# jackets



## hoboken (Mar 13, 2008)

I was looking for a jacket that wasn't so baggy. I bought a Cappel jacket and, unfortunately, I found the armpits and back area too tight. I couldn't return it because I already used it once. So now I'm looking into a jacket that isn't too baggy, but not too tight like my Cappel jacket. Any suggestions?


----------



## Suburban Blend (Feb 23, 2008)

I got me a SPECIAL BLEND Lifty RLS Jacket this year that I love.
 See details 

2 in one with a removal liner that's a stand alone wind breaker. $117.59 with the discount that ends tomorrow. Free shipping!

Call the store for sizing questions. All brands fit a little different.


----------



## Grimdog (Oct 13, 2007)

I have a sessions gortex jacket that is not a baggy fit. It is the Surveillance model.


----------



## hoboken (Mar 13, 2008)

Grimdog said:


> I have a sessions gortex jacket that is not a baggy fit. It is the Surveillance model.

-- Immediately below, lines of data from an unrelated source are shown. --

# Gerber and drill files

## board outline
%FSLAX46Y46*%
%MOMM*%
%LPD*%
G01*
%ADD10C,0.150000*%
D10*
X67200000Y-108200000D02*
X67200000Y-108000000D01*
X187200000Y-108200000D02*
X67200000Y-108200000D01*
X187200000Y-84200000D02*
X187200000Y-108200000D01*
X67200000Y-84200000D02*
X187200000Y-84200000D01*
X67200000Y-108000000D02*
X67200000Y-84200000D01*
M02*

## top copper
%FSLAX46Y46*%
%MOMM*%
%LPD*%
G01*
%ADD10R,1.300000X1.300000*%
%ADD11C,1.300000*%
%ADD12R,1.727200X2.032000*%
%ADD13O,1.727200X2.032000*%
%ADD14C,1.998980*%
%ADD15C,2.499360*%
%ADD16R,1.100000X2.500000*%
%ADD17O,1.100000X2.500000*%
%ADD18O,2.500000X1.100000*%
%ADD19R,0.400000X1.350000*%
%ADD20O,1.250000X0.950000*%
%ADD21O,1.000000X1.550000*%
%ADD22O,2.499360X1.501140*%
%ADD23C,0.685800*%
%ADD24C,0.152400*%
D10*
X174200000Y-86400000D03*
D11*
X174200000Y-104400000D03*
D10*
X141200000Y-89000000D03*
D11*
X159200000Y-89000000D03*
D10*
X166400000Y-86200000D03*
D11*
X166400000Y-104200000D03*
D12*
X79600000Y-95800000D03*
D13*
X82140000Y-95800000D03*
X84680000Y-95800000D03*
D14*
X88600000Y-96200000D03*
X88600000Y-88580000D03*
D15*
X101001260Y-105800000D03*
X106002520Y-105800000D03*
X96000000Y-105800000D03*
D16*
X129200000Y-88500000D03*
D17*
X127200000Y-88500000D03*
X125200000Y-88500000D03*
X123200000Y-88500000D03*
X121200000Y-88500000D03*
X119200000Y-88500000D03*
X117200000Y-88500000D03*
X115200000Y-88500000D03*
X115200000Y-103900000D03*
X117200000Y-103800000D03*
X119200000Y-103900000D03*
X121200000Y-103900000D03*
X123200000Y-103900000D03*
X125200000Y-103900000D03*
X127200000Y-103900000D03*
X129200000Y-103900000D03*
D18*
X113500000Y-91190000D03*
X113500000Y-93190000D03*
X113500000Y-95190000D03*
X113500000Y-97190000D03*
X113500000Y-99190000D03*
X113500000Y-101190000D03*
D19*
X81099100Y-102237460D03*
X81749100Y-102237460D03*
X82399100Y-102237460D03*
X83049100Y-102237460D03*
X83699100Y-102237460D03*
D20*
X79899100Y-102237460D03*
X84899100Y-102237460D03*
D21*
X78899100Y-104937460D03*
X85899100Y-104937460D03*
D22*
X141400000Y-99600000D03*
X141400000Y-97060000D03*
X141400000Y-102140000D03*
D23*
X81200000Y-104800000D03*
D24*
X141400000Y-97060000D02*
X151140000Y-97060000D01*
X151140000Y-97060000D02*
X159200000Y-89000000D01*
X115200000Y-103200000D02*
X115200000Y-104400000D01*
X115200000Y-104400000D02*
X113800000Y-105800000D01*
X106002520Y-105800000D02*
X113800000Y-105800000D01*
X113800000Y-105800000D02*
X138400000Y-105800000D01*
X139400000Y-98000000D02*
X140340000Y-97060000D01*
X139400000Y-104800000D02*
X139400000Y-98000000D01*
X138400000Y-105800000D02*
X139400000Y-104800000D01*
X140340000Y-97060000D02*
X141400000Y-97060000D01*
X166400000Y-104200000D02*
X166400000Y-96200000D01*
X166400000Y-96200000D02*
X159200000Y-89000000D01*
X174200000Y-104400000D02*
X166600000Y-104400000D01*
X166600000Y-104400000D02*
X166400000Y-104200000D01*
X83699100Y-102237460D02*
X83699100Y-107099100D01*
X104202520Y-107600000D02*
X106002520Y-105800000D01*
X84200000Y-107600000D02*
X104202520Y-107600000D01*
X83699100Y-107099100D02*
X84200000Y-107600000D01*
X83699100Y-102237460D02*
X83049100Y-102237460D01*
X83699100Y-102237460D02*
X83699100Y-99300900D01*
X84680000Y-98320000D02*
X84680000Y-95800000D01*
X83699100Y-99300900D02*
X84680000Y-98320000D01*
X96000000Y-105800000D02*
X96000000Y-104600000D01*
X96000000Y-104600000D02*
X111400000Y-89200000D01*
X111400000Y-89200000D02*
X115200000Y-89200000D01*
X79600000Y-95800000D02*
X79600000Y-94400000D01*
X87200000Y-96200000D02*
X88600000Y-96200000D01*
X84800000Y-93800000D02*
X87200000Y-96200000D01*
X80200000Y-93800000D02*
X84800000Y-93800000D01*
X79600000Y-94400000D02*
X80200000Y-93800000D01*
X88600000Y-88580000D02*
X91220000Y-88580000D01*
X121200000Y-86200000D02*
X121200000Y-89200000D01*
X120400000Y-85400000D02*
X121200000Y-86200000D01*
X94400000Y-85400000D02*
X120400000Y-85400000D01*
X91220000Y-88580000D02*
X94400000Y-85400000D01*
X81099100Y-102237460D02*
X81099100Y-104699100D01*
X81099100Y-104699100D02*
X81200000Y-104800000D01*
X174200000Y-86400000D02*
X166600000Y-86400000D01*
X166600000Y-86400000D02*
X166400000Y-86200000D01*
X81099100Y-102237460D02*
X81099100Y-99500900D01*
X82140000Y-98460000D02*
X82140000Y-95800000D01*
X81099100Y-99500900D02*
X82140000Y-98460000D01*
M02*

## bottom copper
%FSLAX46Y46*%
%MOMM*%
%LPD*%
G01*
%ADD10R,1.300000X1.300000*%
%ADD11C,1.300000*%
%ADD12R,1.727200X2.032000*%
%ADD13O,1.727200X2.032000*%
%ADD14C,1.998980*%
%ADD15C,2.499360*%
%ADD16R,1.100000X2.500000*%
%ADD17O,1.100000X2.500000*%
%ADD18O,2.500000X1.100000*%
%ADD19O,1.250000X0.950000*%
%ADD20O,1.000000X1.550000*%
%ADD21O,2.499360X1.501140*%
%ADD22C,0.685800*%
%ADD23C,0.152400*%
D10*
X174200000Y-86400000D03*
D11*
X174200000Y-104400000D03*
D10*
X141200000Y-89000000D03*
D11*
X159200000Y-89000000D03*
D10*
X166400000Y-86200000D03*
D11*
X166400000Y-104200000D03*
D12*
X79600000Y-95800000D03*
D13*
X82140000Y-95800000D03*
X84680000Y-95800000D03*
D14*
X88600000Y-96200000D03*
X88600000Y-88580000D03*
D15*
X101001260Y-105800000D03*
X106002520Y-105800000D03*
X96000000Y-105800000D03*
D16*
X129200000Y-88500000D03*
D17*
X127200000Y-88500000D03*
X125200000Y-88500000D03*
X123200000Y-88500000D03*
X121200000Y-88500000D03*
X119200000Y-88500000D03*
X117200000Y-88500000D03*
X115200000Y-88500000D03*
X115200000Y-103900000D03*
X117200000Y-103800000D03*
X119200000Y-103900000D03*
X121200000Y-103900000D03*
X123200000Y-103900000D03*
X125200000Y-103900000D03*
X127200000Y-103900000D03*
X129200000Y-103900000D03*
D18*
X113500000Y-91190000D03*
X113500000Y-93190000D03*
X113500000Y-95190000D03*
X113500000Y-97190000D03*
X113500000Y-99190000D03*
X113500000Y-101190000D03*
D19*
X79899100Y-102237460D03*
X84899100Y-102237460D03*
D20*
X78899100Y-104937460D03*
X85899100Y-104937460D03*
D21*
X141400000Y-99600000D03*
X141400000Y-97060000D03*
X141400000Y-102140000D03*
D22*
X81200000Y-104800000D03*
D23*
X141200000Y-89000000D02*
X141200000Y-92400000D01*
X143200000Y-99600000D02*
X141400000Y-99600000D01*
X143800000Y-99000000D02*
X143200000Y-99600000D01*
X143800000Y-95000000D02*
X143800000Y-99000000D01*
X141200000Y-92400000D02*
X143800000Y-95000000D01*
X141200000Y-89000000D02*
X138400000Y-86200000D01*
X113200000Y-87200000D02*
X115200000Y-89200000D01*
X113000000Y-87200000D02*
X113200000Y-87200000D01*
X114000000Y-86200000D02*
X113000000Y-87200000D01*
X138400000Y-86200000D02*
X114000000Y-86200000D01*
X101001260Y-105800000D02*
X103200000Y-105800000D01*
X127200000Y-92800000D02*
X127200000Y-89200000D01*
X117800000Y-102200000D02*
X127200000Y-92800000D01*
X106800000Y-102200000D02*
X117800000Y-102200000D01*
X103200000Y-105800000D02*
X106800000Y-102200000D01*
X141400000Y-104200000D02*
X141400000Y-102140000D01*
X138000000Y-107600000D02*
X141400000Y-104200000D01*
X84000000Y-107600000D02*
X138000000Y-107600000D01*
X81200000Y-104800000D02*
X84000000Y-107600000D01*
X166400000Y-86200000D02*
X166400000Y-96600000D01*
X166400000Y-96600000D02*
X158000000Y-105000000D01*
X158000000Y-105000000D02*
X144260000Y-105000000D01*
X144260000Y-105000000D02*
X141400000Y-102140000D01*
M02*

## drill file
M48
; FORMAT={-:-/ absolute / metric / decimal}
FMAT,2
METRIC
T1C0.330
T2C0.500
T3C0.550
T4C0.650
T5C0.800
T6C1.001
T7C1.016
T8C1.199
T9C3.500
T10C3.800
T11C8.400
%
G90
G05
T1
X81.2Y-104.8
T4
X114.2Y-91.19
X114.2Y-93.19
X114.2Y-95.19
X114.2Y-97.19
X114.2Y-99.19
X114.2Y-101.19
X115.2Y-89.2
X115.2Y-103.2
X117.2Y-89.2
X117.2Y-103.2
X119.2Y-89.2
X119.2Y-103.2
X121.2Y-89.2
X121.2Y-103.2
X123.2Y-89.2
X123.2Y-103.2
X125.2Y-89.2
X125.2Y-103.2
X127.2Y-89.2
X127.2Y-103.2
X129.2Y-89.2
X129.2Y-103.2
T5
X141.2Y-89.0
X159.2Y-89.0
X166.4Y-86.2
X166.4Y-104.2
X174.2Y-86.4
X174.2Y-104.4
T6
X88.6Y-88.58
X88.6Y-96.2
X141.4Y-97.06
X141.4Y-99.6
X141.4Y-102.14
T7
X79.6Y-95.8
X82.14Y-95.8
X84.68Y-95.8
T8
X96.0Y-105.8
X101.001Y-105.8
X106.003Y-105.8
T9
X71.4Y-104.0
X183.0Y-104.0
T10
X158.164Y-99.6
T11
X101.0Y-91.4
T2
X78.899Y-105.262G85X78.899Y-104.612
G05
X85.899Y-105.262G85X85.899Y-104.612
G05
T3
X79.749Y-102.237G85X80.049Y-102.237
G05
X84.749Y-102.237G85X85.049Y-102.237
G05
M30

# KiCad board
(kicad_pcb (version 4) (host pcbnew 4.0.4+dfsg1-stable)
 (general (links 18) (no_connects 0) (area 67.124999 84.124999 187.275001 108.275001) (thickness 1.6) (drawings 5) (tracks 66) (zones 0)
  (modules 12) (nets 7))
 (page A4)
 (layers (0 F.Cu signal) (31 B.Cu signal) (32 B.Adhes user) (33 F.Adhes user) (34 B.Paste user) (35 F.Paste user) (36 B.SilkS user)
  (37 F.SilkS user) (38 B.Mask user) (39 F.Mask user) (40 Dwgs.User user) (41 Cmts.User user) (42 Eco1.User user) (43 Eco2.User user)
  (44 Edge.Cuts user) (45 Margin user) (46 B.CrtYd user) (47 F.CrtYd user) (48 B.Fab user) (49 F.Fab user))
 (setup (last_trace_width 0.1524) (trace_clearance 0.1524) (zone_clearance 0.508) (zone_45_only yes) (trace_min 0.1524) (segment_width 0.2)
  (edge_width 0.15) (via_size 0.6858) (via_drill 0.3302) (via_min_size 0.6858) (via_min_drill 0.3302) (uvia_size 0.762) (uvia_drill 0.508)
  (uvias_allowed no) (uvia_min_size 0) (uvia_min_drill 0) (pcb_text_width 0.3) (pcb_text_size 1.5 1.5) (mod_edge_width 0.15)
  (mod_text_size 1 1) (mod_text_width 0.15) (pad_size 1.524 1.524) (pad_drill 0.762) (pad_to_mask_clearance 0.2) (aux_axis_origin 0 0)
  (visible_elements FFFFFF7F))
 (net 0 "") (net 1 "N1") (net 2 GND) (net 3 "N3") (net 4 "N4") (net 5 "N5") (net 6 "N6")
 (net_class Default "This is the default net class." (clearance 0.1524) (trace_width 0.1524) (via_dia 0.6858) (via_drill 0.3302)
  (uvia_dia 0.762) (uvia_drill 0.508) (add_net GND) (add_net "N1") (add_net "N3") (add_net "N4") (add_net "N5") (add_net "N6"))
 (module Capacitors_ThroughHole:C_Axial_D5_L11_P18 (layer F.Cu) (at 174.2 86.4 270)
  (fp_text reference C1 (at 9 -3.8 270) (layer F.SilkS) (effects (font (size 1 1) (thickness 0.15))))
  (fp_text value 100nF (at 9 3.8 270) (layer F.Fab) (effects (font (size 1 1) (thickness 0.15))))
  (pad 1 thru_hole rect (at 0 0 270) (size 1.3 1.3) (drill 0.8) (layers *.Cu *.Mask F.SilkS) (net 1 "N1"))
  (pad 2 thru_hole circle (at 18 0 270) (size 1.3 1.3) (drill 0.8) (layers *.Cu *.Mask F.SilkS) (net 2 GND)))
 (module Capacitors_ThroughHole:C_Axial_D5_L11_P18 (layer F.Cu) (at 141.2 89)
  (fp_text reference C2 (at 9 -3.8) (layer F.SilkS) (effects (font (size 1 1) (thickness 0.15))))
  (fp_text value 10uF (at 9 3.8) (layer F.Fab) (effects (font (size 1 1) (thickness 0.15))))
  (pad 1 thru_hole rect (at 0 0) (size 1.3 1.3) (drill 0.8) (layers *.Cu *.Mask F.SilkS) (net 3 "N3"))
  (pad 2 thru_hole circle (at 18 0) (size 1.3 1.3) (drill 0.8) (layers *.Cu *.Mask F.SilkS) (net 2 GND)))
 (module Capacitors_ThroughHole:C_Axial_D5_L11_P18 (layer F.Cu) (at 166.4 86.2 270)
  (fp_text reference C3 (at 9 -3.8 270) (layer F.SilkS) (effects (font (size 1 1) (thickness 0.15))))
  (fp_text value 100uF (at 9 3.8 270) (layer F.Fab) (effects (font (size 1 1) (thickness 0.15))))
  (pad 1 thru_hole rect (at 0 0 270) (size 1.3 1.3) (drill 0.8) (layers *.Cu *.Mask F.SilkS) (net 1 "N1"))
  (pad 2 thru_hole circle (at 18 0 270) (size 1.3 1.3) (drill 0.8) (layers *.Cu *.Mask F.SilkS) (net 2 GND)))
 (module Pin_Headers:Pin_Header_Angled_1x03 (layer F.Cu) (at 79.6 95.8 90)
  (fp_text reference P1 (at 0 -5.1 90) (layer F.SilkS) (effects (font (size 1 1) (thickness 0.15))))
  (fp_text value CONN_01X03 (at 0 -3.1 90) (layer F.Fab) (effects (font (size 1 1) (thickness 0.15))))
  (pad 1 thru_hole rect (at 0 0 90) (size 2.032 1.7272) (drill 1.016) (layers *.Cu *.Mask F.SilkS) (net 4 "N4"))
  (pad 2 thru_hole oval (at 0 2.54 90) (size 2.032 1.7272) (drill 1.016) (layers *.Cu *.Mask F.SilkS) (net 1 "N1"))
  (pad 3 thru_hole oval (at 0 5.08 90) (size 2.032 1.7272) (drill 1.016) (layers *.Cu *.Mask F.SilkS) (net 2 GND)))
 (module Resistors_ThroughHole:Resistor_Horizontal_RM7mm (layer F.Cu) (at 88.6 96.2 90)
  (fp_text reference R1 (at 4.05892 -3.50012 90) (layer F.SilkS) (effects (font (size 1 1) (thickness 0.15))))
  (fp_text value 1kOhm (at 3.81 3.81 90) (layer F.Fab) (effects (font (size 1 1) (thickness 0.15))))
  (pad 1 thru_hole circle (at 0 0 90) (size 1.99898 1.99898) (drill 1.00076) (layers *.Cu *.SilkS *.Mask) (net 4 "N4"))
  (pad 2 thru_hole circle (at 7.62 0 90) (size 1.99898 1.99898) (drill 1.00076) (layers *.Cu *.SilkS *.Mask) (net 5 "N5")))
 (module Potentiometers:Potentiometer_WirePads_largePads (layer F.Cu) (at 96 105.8 90)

if not baggy how's it fit and is it true to size? other than the size small cappel jacket i have that's way too tight, i also have a burton hood jacket that's really baggy and it's a small as well


----------



## Grimdog (Oct 13, 2007)

hoboken said:


> if not baggy how's it fit and is it true to size? other than the size small cappel jacket i have that's way too tight, i also have a burton hood jacket that's really baggy and it's a small as well



Sizing is accurate and is more of a form fit so if you have a gut on you then it may feel tight in the mid section if you have to put a fleece underneath it. It's not bulky or baggy but not a tight slim fit.


----------